I am trying to have a map that can store prices and their amount i want map values must be thread safe i am using sync.RWLock but i get concurrent map write error 6 or 8th time if i run again and again [Code]:https://play.golang.org/p/PuRiyrvqoQI
package main
import (
“fmt”
“time”
“sync”
)
type quantity struct {
sync.RWMutex
amount float64
}
type Entries map[float64]*quantity
func main() {
vals:=Entries{}
go vals.Adder(100,1)
go vals.Adder(100,1)
go vals.Adder(100,1)
go vals.Adder(100,1)
go vals.Adder(100,1)
go vals.Adder(100,1)
time.Sleep(time.Millisecond*1)
for i,val:= range vals{
It does some juggling around with a cached copy of the map and a dirty flag as far as I can tell from a very quick glance at the sources, but if it is more performant than simply locking everything, I’m not sure. Also please be aware of the fact, that it uses a regular Mutex if it locks.
In this case you can implement your own dynamic structure with semaphores. But this is a solution only if you have really big structures. If not use maps with confidence because are dynamic structures and are pretty fast.

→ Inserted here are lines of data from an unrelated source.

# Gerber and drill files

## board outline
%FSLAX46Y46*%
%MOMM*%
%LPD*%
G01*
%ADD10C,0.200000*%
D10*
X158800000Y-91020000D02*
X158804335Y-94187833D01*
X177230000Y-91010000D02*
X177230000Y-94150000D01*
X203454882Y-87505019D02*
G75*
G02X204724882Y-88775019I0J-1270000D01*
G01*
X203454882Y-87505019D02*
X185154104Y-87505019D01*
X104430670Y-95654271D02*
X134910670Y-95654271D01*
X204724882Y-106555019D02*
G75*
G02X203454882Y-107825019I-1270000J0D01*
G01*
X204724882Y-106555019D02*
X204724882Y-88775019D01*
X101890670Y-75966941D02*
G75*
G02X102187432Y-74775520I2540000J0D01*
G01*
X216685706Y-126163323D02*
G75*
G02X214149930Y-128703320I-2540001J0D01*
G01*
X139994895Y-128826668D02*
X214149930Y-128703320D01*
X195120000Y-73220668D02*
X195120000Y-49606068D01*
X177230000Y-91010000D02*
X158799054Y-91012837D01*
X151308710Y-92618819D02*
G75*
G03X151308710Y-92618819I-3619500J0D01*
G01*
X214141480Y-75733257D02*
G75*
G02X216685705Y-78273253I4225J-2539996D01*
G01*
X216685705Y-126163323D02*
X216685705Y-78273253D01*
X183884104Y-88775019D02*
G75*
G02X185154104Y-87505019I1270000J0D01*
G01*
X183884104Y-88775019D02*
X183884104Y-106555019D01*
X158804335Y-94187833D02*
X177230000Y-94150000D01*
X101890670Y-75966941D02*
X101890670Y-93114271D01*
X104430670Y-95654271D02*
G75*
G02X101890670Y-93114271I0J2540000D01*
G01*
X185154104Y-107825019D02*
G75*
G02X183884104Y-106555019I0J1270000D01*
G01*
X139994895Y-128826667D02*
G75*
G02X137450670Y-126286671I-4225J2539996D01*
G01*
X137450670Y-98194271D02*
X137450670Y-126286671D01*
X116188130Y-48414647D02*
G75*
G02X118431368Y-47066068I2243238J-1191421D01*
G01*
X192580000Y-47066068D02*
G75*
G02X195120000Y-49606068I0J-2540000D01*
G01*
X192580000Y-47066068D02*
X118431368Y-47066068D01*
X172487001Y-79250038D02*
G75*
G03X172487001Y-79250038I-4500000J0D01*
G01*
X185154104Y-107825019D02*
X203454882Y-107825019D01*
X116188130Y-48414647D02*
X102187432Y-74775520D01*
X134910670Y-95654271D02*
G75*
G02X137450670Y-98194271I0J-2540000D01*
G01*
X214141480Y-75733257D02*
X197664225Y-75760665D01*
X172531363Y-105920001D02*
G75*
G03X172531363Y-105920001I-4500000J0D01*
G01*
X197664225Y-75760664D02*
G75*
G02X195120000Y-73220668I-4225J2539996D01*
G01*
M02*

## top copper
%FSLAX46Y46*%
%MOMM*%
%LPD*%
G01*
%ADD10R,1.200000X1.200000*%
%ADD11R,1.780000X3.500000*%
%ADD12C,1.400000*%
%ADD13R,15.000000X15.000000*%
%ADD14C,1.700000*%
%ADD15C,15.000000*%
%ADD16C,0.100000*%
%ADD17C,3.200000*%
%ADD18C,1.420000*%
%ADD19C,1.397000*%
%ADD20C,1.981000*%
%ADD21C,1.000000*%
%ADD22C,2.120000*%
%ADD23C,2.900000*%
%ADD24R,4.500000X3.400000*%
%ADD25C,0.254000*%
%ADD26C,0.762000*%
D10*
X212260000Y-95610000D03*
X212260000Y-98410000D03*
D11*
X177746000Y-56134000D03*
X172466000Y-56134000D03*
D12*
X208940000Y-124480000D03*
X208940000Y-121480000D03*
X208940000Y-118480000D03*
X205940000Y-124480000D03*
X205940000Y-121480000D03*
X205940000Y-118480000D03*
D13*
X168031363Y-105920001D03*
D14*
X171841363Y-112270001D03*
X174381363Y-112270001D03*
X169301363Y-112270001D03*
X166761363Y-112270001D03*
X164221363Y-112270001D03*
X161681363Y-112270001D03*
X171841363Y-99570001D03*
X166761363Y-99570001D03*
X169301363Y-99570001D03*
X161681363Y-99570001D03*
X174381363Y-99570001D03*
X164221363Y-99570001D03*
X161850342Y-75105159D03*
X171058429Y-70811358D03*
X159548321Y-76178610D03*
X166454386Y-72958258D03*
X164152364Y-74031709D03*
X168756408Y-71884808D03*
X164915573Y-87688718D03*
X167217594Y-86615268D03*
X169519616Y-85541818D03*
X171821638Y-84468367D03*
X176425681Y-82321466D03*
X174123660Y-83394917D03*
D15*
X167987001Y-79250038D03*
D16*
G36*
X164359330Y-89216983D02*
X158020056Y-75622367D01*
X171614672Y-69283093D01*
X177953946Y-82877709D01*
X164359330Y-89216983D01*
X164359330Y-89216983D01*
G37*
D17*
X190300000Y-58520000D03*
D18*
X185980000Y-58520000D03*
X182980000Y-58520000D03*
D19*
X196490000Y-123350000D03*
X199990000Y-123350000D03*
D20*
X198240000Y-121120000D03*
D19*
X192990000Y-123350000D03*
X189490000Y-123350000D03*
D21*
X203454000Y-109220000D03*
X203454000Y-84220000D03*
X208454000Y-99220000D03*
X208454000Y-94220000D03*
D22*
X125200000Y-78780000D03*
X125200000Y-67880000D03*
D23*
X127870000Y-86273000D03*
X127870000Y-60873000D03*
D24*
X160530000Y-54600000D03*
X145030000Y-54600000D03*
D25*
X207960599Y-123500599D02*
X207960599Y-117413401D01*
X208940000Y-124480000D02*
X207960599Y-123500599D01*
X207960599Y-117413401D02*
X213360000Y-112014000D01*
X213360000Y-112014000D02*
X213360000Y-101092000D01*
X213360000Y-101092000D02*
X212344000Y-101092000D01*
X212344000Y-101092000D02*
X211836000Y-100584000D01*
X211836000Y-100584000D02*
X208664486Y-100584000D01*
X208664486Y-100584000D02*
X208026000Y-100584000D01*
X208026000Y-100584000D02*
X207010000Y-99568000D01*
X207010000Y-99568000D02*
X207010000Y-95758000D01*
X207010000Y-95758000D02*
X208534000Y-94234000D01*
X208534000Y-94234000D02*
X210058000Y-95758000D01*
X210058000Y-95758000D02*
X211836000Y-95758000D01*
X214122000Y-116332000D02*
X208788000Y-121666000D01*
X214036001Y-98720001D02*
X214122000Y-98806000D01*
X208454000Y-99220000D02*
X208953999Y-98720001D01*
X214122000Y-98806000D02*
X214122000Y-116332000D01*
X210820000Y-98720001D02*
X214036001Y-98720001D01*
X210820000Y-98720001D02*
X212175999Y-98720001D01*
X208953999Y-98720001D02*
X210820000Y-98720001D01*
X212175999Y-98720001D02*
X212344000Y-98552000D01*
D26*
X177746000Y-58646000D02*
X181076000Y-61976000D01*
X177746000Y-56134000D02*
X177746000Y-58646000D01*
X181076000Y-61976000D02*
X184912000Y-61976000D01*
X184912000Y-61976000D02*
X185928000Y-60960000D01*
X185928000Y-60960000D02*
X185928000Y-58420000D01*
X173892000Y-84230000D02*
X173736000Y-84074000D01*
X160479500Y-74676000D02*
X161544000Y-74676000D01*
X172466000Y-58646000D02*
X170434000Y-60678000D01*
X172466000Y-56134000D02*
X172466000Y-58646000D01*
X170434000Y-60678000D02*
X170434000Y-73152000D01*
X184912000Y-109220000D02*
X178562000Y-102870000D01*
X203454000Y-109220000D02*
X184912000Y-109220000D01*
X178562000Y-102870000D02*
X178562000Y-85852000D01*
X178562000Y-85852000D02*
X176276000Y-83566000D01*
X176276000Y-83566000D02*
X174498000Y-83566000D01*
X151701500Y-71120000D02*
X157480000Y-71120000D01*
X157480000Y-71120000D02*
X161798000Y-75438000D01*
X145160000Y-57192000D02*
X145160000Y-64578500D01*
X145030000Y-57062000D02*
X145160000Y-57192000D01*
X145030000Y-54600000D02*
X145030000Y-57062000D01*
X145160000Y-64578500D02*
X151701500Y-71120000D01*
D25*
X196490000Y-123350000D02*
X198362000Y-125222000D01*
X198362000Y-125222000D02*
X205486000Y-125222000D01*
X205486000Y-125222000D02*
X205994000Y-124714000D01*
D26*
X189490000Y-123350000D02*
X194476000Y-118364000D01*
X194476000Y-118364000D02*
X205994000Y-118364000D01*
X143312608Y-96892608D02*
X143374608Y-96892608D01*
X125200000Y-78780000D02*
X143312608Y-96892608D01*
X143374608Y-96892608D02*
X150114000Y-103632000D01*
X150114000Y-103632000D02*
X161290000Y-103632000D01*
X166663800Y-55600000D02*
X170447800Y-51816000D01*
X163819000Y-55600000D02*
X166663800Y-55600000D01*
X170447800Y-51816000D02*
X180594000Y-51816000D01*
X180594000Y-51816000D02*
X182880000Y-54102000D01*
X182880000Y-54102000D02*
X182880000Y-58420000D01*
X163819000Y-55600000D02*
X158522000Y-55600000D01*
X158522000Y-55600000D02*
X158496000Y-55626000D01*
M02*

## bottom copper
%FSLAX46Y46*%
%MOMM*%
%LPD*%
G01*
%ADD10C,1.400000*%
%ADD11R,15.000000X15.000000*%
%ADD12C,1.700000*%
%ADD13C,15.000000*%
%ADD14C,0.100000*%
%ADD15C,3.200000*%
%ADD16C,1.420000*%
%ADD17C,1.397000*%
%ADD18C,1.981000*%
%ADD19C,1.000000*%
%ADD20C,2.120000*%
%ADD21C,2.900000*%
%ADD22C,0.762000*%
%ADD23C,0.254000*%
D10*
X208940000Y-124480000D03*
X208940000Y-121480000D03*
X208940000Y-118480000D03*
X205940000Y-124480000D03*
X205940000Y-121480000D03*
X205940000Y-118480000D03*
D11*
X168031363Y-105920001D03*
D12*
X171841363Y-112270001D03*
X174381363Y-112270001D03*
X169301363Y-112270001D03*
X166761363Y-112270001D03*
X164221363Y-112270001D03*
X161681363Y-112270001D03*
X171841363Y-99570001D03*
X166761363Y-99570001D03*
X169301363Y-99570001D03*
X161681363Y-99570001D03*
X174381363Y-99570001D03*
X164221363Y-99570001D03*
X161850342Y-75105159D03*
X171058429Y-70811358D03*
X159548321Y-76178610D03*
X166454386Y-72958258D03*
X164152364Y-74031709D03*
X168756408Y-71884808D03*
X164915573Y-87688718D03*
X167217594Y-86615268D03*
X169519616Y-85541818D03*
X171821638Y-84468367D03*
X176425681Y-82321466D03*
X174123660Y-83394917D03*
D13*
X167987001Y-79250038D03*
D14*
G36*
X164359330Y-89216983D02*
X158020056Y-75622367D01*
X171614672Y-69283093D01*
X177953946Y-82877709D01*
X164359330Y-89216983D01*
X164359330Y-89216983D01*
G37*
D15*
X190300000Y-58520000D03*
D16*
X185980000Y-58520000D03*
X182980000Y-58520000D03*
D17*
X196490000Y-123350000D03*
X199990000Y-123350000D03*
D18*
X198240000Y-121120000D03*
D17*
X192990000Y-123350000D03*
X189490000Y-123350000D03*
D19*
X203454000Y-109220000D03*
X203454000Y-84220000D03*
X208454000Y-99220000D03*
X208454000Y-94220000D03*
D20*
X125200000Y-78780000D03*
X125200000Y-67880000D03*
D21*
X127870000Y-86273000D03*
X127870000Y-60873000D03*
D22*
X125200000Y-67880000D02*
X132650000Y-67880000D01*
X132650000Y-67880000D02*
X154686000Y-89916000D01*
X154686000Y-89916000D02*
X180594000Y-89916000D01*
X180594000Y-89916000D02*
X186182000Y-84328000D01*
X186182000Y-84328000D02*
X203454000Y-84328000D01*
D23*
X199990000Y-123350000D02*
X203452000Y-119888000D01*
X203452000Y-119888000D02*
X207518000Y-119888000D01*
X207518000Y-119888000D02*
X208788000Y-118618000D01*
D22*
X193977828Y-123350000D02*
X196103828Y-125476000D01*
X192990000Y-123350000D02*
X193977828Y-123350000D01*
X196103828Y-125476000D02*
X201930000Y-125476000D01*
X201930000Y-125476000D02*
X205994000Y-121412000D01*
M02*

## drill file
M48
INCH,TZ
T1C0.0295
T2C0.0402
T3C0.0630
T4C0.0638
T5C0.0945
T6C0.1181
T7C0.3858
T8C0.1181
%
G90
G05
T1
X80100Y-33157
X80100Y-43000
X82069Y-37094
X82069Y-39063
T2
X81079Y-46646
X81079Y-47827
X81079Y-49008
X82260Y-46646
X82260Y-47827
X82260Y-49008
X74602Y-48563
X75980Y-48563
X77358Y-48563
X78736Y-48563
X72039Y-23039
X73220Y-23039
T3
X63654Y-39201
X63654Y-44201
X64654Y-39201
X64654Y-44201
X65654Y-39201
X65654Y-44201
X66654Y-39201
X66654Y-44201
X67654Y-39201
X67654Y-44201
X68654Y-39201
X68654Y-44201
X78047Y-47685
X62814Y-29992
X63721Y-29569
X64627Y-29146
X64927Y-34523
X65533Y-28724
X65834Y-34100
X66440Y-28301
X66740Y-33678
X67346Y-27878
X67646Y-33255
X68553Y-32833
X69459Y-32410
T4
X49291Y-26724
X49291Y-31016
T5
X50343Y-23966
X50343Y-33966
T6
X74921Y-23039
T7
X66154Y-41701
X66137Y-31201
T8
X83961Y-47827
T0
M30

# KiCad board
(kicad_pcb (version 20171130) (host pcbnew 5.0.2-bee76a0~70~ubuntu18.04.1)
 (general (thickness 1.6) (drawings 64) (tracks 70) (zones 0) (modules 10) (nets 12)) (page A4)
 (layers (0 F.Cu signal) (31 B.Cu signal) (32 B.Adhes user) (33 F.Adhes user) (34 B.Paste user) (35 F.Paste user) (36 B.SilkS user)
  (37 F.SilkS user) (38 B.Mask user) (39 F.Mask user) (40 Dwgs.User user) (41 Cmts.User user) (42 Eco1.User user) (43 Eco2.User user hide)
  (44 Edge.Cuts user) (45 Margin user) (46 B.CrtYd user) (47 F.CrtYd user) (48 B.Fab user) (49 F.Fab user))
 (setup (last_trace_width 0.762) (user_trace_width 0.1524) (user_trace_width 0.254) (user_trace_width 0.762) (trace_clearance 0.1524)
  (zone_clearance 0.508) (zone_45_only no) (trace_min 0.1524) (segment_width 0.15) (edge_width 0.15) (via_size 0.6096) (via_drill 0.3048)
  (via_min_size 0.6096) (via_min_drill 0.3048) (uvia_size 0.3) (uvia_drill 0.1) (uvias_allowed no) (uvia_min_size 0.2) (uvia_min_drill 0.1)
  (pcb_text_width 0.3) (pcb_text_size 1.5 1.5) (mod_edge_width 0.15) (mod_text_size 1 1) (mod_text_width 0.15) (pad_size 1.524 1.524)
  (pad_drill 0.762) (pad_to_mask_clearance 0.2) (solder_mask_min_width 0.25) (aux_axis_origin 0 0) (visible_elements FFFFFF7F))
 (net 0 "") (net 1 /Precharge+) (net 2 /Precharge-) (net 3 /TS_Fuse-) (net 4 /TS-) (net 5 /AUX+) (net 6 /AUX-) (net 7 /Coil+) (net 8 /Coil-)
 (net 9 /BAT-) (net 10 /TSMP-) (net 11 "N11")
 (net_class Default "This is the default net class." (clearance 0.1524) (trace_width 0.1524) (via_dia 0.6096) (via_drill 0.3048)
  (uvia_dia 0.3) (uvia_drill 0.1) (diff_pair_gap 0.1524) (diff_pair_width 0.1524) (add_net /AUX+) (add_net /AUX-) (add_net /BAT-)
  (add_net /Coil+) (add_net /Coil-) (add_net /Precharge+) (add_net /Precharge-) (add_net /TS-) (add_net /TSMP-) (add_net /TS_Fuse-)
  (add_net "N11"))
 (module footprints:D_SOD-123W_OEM (layer F.Cu) (at 212.26 97.01 270)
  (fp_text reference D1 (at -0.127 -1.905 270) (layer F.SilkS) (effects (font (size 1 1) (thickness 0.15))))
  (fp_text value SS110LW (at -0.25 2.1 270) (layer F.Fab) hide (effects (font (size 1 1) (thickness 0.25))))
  (pad 1 smd rect (at -1.4 0 270) (size 1.2 1.2) (layers F.Cu F.Paste F.Mask) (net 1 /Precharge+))
  (pad 2 smd rect (at 1.4 0 270) (size 1.2 1.2) (layers F.Cu F.Paste F.Mask) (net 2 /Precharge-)))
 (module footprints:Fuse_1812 (layer F.Cu) (at 172.466 56.134)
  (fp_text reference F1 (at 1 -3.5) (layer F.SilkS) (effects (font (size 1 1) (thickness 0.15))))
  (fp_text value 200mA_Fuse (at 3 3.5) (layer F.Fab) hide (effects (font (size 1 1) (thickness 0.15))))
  (pad 2 smd rect (at 5.28 0) (size 1.78 3.5) (layers F.Cu F.Paste F.Mask) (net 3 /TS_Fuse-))
  (pad 1 smd rect (at 0 0) (size 1.78 3.5) (layers F.Cu F.Paste F.Mask) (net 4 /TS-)))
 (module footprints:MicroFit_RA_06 (layer B.Cu) (at 213.26 121.48 90)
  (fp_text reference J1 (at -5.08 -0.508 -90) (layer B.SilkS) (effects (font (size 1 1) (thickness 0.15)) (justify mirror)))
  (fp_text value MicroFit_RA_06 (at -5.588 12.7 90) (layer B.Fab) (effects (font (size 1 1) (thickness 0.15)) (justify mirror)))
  (pad "" np_thru_hole circle (at 0 0 270) (size 3 3) (drill 3) (layers *.Cu *.Mask))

[le] Instead using a big map for something try to use many small maps grouped in an array of maps or whatever and lock the small maps as you need.
actually i am working on exchange project here i need In memory storage for orders to process order matching fast (these order are also stored in database ) currently i am using maps for prices as keys and arrays or slice of orders as values associated to keys
structure is described below
price : orders
1.02 : [ ]orders
1.03 : [ ] orders
i need to read from maps and change [ ] order array according to incoming order
problem is that map is not thread safe so concurrent writes panics occur
If i use locks then it locks whole map which casts me delays of milliseconds so what do you suggest for that kind of data structure
If it deals with real money if real people, please start by getting rid of floats, Google will tell why you shouldn’t use floats for monetary values.
And then just use the naïve approach and lock everything until this really becomes a bottleneck, do not try to optimise issues away you don’t have in production code.